Women performing light up Adelaide scene

Wednesday, March 4, 1992

By Barb Kempnich

ADELAIDE — The city's newest women's venue, the Red Shed, will present its next Women Performing on Friday, March 13, at 8 p.m. Among the performers will be Dani Burbrook singing original music of a contemporary flavour, award-winning Melbourne comic Sue-Ann Post and local band Outa Bounz, taking advantage of the opportunity to play a style of music different from its usual dance material.

If you weren't at Women Performing on January 24, then somebody's already told you what a great night you missed. More than 150 women turned out for the first Women Performing. The atmosphere was fantastic and the entertainment was superb.

Read Our Lips, Adelaide's own lesbian choir, started the evening off in great style. If they didn't have a fan club when they arrived, they certainly do now. When Sue Galbraith opened her mouth to sing you could have heard a pin drop — the audience were entranced and quite rightly demanded more.

Carol Mayersbach's poetry cut close to the bone but added a touch of humour.
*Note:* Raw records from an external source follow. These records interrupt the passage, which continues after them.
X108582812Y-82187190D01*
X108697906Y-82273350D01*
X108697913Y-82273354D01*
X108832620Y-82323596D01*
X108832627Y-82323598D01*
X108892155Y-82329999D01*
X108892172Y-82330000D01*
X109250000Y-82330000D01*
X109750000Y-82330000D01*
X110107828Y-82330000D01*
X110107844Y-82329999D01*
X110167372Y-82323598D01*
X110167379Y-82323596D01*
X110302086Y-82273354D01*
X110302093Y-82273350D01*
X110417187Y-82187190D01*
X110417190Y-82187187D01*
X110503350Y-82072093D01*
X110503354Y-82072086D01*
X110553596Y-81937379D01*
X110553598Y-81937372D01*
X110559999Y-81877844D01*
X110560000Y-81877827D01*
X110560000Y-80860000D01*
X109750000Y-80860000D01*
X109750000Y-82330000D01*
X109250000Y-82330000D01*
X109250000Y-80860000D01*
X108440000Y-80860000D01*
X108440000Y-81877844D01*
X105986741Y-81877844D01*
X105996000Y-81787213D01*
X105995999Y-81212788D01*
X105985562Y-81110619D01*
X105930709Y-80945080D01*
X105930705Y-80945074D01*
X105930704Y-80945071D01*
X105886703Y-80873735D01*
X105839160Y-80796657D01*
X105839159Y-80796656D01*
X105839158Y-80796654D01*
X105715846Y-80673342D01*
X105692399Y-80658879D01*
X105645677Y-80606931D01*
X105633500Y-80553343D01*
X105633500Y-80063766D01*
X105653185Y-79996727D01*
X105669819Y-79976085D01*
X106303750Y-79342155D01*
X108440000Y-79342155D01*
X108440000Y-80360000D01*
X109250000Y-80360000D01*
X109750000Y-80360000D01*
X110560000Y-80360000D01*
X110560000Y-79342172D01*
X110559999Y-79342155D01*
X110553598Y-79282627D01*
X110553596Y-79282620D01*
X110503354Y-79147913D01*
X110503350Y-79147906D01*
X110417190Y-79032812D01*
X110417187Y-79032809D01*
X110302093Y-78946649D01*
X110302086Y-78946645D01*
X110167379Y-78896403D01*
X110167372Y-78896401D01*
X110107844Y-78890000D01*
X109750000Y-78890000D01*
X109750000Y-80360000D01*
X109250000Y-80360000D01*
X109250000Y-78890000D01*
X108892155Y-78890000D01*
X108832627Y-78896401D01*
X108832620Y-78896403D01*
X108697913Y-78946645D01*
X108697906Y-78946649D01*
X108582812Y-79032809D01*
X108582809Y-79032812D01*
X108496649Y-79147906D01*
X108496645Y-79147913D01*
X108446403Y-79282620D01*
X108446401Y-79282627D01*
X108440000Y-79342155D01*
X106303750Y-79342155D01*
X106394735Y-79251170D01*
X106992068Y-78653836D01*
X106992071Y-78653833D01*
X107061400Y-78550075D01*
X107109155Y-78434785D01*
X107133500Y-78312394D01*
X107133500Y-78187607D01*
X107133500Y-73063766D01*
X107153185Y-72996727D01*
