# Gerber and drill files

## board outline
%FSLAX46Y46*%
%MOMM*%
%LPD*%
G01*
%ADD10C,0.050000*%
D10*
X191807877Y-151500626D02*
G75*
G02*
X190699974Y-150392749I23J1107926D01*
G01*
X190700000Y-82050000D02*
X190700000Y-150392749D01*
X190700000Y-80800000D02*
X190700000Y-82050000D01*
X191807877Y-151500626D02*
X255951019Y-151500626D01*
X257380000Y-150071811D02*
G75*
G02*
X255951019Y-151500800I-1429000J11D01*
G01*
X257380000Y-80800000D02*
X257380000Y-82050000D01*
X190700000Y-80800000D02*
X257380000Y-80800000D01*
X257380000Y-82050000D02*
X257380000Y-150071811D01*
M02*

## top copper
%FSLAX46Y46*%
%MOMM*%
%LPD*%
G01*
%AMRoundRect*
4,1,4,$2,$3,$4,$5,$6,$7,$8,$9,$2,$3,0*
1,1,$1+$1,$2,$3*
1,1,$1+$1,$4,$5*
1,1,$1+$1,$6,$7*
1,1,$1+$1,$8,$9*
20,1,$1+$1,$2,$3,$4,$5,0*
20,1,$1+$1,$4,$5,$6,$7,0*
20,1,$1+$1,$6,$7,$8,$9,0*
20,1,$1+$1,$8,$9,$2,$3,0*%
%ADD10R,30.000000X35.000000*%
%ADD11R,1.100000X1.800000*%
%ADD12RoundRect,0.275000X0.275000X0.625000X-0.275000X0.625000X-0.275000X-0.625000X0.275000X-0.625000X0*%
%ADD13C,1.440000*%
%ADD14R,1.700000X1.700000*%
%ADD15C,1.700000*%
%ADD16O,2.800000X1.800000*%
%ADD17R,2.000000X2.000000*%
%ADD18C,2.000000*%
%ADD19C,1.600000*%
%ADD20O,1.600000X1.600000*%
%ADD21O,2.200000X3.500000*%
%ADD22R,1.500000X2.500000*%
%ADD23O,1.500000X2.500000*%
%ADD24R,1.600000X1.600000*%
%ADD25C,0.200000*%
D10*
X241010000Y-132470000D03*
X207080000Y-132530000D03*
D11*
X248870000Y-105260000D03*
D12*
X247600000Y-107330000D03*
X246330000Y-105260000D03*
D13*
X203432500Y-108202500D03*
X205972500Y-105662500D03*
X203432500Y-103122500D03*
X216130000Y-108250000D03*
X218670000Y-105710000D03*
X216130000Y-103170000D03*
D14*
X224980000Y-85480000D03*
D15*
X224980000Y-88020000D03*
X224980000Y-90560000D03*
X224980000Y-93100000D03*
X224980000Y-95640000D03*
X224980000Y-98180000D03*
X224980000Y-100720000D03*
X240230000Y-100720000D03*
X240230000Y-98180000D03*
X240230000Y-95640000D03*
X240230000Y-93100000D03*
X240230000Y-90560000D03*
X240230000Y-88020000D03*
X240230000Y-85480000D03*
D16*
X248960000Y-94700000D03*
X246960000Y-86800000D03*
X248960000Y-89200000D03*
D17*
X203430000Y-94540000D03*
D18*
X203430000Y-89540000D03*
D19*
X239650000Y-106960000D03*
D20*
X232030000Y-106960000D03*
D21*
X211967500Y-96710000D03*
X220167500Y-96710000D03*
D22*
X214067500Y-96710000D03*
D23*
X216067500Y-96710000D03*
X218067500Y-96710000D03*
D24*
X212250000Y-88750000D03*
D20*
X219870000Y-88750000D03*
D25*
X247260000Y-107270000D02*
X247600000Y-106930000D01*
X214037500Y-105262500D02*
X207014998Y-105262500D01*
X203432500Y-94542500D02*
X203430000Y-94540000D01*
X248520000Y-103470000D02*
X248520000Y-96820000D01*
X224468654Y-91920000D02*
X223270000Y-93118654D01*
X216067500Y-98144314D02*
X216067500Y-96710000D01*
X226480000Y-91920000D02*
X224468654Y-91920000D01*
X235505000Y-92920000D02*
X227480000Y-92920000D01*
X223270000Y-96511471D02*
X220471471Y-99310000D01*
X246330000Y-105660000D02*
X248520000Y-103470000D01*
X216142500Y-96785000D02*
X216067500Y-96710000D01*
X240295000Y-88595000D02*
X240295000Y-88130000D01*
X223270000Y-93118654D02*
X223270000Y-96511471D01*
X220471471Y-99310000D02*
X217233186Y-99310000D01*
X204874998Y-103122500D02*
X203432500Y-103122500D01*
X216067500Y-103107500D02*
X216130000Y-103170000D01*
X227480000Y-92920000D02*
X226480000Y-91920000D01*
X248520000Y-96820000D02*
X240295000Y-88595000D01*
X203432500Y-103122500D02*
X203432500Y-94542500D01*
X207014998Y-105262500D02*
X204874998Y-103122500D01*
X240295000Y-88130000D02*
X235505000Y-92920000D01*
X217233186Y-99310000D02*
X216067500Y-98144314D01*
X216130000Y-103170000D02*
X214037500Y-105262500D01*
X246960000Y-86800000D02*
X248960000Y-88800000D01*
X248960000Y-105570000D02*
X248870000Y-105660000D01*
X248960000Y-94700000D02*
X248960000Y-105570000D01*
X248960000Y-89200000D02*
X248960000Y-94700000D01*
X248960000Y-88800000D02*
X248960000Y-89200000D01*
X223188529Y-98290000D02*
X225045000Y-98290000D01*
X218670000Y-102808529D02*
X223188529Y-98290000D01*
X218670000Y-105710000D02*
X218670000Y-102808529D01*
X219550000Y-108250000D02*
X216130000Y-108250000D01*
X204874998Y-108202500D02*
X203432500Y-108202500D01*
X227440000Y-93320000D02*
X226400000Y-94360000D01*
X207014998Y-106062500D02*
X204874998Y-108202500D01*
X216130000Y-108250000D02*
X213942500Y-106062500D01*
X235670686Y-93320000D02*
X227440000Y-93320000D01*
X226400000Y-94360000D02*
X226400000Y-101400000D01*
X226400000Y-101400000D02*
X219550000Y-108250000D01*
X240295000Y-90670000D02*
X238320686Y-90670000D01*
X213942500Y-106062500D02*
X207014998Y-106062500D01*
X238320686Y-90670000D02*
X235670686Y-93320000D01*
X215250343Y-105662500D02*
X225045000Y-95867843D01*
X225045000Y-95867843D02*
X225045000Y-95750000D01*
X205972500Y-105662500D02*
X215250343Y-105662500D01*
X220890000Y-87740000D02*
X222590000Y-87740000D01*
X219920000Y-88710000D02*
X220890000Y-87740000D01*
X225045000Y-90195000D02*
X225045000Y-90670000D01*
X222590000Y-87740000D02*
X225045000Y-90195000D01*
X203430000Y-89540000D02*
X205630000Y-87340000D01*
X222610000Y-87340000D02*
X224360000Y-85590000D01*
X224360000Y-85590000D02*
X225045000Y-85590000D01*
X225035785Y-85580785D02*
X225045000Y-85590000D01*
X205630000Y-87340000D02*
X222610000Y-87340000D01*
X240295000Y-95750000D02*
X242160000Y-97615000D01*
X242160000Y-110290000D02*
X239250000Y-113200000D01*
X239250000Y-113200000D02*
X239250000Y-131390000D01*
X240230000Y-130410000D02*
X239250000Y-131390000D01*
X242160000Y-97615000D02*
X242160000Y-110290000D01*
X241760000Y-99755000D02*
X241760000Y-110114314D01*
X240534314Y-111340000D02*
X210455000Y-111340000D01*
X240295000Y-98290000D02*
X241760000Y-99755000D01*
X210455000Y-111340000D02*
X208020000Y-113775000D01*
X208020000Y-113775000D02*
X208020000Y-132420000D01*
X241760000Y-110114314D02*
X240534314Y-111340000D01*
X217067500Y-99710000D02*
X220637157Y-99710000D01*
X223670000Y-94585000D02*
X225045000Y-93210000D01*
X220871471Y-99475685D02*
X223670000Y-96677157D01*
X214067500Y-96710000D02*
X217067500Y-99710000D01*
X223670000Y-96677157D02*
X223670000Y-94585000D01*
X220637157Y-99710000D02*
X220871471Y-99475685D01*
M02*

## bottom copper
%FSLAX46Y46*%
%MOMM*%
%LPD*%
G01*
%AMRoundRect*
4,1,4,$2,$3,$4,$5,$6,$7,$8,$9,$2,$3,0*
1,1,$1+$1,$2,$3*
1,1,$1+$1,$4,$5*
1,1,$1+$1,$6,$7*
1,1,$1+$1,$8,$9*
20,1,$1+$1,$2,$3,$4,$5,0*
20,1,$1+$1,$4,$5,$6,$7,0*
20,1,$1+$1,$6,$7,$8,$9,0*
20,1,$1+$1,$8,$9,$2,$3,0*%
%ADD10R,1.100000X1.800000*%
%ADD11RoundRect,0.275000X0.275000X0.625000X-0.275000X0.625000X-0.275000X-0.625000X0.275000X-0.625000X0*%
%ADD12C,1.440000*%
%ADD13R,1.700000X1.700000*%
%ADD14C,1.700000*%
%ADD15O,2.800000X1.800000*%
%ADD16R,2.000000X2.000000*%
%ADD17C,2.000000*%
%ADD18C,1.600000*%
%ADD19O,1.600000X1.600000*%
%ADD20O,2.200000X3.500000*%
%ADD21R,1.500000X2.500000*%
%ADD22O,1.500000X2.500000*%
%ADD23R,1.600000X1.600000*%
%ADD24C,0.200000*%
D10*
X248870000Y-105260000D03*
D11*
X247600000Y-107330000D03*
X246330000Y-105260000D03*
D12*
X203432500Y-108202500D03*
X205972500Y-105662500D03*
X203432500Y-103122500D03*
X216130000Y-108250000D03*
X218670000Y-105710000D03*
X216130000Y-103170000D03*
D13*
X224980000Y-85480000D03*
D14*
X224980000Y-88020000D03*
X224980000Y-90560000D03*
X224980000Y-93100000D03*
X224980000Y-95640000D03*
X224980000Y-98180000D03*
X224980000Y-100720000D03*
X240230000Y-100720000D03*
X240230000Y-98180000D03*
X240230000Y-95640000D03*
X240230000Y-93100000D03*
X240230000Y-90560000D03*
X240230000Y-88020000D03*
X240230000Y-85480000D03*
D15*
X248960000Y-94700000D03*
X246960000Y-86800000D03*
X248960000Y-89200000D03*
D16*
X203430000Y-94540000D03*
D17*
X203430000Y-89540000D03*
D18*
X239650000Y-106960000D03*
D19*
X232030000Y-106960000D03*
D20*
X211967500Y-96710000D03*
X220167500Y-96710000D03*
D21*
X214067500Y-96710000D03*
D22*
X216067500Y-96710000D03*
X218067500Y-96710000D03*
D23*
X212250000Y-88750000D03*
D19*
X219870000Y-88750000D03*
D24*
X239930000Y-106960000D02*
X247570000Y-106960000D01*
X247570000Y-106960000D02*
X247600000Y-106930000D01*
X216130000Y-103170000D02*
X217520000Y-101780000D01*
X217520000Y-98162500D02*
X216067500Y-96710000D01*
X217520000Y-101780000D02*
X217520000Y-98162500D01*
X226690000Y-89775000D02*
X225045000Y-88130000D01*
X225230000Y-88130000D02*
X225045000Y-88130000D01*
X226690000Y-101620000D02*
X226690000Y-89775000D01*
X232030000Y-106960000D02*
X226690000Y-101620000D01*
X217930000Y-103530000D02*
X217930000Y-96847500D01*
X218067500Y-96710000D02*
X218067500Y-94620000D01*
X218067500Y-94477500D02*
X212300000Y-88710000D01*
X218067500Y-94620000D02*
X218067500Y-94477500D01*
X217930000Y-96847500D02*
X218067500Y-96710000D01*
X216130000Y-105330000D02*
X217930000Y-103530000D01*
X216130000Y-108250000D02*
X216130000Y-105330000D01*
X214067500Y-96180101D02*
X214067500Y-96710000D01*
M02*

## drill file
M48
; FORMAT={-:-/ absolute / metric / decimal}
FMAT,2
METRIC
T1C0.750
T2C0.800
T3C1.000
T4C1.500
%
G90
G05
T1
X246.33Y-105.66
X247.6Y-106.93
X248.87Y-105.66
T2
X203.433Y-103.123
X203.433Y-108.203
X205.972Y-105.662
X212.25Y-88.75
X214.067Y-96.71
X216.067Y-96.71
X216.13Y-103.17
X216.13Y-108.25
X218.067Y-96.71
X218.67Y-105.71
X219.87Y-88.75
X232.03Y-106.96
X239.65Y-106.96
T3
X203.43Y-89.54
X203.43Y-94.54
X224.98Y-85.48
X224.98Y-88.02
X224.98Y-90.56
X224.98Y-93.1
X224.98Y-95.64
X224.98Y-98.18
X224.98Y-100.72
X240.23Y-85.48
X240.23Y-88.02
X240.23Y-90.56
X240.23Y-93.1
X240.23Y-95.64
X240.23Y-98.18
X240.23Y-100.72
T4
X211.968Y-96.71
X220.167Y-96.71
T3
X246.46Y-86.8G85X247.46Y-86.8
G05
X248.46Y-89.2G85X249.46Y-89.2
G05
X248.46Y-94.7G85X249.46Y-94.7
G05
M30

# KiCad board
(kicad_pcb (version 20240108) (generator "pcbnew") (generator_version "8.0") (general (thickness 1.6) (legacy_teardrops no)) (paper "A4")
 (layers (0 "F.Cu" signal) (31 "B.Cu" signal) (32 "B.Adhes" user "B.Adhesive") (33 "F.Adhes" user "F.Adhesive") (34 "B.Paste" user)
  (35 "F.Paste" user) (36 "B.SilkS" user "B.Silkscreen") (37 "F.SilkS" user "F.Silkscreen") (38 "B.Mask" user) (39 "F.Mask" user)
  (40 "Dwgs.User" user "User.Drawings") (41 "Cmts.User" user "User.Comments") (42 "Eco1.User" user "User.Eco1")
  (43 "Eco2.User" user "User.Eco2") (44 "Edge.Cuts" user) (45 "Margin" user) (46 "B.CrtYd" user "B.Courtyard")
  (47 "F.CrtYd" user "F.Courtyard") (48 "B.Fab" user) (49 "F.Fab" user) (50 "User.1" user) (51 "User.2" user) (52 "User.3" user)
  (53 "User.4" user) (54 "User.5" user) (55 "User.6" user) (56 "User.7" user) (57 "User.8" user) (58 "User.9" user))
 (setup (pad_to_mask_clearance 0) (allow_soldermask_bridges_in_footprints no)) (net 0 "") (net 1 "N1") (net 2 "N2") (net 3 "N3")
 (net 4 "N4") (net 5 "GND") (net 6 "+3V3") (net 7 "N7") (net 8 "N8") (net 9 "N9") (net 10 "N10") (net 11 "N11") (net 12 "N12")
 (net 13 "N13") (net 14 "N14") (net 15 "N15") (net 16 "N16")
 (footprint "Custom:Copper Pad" (layer "F.Cu") (at 249.51 111.47)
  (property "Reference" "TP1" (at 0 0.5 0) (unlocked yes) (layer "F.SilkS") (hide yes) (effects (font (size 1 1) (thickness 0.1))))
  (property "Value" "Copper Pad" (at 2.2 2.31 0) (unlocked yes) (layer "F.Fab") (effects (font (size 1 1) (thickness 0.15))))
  (pad "1" smd rect (at -8.5 21) (size 30 35) (layers "F.Cu") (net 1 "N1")))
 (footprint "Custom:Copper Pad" (layer "F.Cu") (at 212.58 112.03)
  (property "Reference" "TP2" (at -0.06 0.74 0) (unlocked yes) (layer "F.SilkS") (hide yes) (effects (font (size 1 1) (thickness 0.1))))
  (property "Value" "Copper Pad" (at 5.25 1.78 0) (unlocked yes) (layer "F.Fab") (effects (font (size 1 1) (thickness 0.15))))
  (pad "1" smd rect (at -5.5 20.5) (size 30 35) (layers "F.Cu") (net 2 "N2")))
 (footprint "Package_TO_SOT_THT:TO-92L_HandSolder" (layer "F.Cu") (at 248.87 105.66 180)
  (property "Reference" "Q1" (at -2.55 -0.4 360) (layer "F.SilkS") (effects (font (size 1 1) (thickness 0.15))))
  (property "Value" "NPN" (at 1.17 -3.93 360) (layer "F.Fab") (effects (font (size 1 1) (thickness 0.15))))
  (pad "1" thru_hole rect (at 0 0 180) (size 1.1 1.8) (drill 0.75 (offset 0 0.4)) (layers "*.Cu" "*.Mask") (remove_unused_layers no)
   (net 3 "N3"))
  (pad "2" thru_hole roundrect (at 1.27 -1.27 180) (size 1.1 1.8) (drill 0.75 (offset 0 -0.4)) (layers "*.Cu" "*.Mask")
   (remove_unused_layers no) (roundrect_rratio 0.25) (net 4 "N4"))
And they were just the floor spots!

Jenny Clark finished off the first half off the evening accompanied by her menagerie of instruments. She sang some brilliant original songs (and others), and played two sets of foot-stomping Scottish tunes on the cittern (an overgrown mandolin) and dulcimer (how does she get a stringed instrument to sound like bagpipes?).

After a break, Archipelago's renditions of songs of justice and freedom were greeted with stunned silence but immense delight. The audience couldn't stop screaming for more. And no wonder — the harmonies were breathtaking, the material superb — what a find!

Next, Mij Tanith (ably assisted in parts by Di Franklin) read some recent works. Her wicked sense of timing lent an element of suspense to her novel-in-progress and this was also reflected in some clever dialogue from a recent play. Looks like Mij might have sold a few advance copies of that novel.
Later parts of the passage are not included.